Designed for Mrs Oldfield.

[Rowe's play of Jane Shore, which is only partly founded on history, was first acted Feb. 2, 1714, at Drury Lane. The character of Gloucester in this play is taken straight out of Shakspere. Great expectations were formed of the tragedy; and it was acted for nineteen nights. See (Geneste's) Account of the English Stage, II. 524. The famous Mrs Oldfield supported the part of the heroine, but Pope's Epilogue was never spoken.]

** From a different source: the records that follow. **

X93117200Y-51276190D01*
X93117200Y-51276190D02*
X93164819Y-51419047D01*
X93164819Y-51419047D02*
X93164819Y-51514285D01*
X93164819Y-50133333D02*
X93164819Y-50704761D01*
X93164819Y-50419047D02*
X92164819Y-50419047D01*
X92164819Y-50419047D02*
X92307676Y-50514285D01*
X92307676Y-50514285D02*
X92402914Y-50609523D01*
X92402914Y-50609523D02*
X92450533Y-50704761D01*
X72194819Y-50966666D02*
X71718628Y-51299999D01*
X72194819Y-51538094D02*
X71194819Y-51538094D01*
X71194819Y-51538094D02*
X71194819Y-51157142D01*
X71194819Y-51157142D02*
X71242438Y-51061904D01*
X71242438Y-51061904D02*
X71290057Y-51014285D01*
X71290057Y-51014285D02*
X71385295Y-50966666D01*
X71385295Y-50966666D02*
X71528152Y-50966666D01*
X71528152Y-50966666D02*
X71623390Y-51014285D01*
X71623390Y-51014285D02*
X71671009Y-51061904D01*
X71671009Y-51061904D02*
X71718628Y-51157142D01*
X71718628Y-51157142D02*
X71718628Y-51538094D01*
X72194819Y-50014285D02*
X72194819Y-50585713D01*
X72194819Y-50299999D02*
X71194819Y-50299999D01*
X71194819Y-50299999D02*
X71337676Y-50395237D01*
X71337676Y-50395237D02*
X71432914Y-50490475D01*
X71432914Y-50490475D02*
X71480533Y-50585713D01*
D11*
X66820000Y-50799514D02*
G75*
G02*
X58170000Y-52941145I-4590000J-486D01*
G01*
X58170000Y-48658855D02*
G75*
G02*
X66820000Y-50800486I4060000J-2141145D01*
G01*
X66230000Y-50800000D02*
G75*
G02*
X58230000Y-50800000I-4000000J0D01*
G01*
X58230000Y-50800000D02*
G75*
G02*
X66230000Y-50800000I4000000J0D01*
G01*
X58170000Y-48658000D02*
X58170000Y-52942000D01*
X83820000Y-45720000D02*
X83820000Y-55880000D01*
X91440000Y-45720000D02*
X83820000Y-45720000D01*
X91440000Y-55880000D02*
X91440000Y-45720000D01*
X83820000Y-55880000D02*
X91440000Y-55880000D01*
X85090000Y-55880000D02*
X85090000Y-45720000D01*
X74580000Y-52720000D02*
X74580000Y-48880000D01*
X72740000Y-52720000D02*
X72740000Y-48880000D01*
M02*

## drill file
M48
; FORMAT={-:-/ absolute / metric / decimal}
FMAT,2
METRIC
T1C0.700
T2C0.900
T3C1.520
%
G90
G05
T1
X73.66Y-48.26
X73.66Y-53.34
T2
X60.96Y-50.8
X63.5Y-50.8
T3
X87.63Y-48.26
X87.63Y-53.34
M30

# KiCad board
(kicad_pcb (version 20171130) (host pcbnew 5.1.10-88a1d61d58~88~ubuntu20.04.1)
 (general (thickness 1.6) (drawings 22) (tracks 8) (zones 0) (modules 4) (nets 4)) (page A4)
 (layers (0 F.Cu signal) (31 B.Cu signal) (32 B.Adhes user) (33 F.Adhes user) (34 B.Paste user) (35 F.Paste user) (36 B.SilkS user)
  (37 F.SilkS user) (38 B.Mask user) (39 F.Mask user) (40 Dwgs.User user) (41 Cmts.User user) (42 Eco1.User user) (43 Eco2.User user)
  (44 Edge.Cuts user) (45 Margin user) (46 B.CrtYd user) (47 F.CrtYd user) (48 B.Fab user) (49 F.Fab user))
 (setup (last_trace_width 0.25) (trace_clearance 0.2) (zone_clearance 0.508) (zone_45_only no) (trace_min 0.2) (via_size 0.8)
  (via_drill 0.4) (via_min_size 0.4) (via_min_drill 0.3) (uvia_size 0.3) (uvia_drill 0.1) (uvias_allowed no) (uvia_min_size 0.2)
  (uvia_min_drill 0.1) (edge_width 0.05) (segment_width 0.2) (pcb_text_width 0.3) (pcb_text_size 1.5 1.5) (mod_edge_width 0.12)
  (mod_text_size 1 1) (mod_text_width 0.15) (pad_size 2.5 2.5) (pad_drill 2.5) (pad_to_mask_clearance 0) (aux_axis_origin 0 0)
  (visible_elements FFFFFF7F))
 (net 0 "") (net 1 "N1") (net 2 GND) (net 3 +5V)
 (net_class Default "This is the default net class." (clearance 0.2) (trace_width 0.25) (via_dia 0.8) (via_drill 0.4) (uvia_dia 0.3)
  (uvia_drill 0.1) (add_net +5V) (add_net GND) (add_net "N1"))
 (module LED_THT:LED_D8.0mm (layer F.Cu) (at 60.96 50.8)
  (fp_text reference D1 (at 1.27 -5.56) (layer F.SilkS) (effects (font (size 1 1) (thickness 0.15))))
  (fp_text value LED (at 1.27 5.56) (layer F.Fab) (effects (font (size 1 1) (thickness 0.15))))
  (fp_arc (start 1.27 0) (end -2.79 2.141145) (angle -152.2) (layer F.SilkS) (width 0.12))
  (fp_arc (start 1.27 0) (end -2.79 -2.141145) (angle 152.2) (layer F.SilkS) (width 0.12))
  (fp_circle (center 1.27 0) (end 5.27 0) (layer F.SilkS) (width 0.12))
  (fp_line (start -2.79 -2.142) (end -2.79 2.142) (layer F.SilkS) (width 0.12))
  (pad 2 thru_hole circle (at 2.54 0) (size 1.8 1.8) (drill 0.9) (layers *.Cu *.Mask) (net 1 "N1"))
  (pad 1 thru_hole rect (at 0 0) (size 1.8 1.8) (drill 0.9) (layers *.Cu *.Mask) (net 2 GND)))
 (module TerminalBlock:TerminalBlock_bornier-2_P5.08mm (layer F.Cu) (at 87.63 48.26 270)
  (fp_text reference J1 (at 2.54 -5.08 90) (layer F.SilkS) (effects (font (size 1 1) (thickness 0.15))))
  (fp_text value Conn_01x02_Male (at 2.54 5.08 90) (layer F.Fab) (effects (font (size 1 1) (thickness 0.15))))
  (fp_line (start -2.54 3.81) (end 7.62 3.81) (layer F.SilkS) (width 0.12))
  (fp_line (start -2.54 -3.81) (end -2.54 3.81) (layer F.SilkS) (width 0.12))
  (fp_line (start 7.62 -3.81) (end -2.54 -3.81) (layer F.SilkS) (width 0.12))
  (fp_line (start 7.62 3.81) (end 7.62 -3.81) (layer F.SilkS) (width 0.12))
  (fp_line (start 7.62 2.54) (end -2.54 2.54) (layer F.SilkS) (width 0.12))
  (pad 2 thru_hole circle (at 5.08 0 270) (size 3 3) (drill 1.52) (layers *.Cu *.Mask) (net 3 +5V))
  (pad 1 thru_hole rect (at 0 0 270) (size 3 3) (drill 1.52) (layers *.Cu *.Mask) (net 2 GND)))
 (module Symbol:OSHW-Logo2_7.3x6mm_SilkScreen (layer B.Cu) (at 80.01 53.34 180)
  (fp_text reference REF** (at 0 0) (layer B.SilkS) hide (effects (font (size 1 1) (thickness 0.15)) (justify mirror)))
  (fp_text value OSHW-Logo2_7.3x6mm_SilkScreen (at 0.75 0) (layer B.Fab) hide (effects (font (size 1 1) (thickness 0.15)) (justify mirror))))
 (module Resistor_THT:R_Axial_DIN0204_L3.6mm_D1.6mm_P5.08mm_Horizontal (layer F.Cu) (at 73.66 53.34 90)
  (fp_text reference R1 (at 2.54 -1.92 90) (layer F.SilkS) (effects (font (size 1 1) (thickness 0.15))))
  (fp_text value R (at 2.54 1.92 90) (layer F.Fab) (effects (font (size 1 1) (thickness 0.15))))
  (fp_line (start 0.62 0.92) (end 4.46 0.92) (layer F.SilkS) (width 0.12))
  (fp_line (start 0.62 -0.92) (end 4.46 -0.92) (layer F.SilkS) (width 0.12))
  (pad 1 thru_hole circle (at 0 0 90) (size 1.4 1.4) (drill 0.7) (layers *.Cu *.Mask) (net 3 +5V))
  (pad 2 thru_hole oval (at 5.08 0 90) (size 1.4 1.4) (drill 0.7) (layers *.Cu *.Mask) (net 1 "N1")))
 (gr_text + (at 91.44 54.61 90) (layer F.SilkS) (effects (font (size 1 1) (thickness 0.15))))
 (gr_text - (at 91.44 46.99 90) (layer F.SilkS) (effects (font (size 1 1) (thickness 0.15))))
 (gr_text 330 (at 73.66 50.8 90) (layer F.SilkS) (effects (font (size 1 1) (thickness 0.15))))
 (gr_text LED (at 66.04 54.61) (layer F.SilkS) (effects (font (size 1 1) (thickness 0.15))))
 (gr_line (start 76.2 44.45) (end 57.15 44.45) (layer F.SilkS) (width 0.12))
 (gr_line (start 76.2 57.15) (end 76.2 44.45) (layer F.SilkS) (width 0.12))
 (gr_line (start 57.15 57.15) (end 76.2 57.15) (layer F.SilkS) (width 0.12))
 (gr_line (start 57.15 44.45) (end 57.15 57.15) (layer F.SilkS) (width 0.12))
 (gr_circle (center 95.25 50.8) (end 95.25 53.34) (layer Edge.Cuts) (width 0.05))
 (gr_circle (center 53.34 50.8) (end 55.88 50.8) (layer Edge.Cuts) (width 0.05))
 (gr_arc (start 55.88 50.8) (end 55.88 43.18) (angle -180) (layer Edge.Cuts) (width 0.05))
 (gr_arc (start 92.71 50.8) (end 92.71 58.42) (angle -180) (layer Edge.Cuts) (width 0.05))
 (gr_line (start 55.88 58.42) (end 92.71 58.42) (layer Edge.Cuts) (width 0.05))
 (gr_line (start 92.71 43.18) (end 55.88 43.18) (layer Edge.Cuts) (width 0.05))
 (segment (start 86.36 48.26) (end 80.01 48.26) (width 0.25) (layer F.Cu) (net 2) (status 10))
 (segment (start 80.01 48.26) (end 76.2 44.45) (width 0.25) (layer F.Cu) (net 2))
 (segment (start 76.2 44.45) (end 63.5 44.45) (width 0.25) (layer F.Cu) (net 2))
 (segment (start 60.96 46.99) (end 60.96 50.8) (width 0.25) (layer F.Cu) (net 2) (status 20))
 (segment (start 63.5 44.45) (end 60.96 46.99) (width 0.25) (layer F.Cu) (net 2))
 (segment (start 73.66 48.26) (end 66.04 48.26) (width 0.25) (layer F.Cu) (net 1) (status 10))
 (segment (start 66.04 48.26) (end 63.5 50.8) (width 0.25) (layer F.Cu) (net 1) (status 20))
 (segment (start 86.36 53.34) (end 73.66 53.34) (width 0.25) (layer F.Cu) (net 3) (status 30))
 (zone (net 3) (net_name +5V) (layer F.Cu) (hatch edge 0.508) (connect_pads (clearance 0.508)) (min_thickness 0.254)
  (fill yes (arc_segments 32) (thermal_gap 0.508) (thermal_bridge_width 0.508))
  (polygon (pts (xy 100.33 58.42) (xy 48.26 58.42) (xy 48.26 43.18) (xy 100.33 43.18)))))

PRODIGIOUS this! the Frail-one of our Play
From her own Sex should mercy find to-day!
You might have held the pretty head aside,
Peep'd in your fans, been serious, thus, and cry'd,
The Play may pass-but that strange creature, Shore,
I can't indeed now-I so hate a whore-

Just as a blockhead rubs his thoughtless skull,
And thanks his stars he was not born a fool;
So from a sister sinner you shall hear,

"How strangely you expose yourself, my dear!"
But let me die, all raillery apart,
Our sex are still forgiving at their heart;
And did not wicked custom so contrive,
We'd be the best good-natur'd things alive.
There are, 'tis true, who tell another tale,
That virtuous ladies envy while they rail;
Such rage without betrays the fire within :
In some close corner of the soul, they sin;
Still hoarding up, most scandalously nice,
Amidst their virtues a reserve of vice.

The godly dame, who fleshly failings damns,

Scolds with her maid, or with her chaplain crams.

Would you enjoy soft nights and solid dinners?

Faith, gallants, board with saints, and bed with sinners.
Well, if our Author in the Wife offends,

He has a Husband that will make amends,
He draws him gentle, tender, and forgiving,

And sure such kind good creatures may be living.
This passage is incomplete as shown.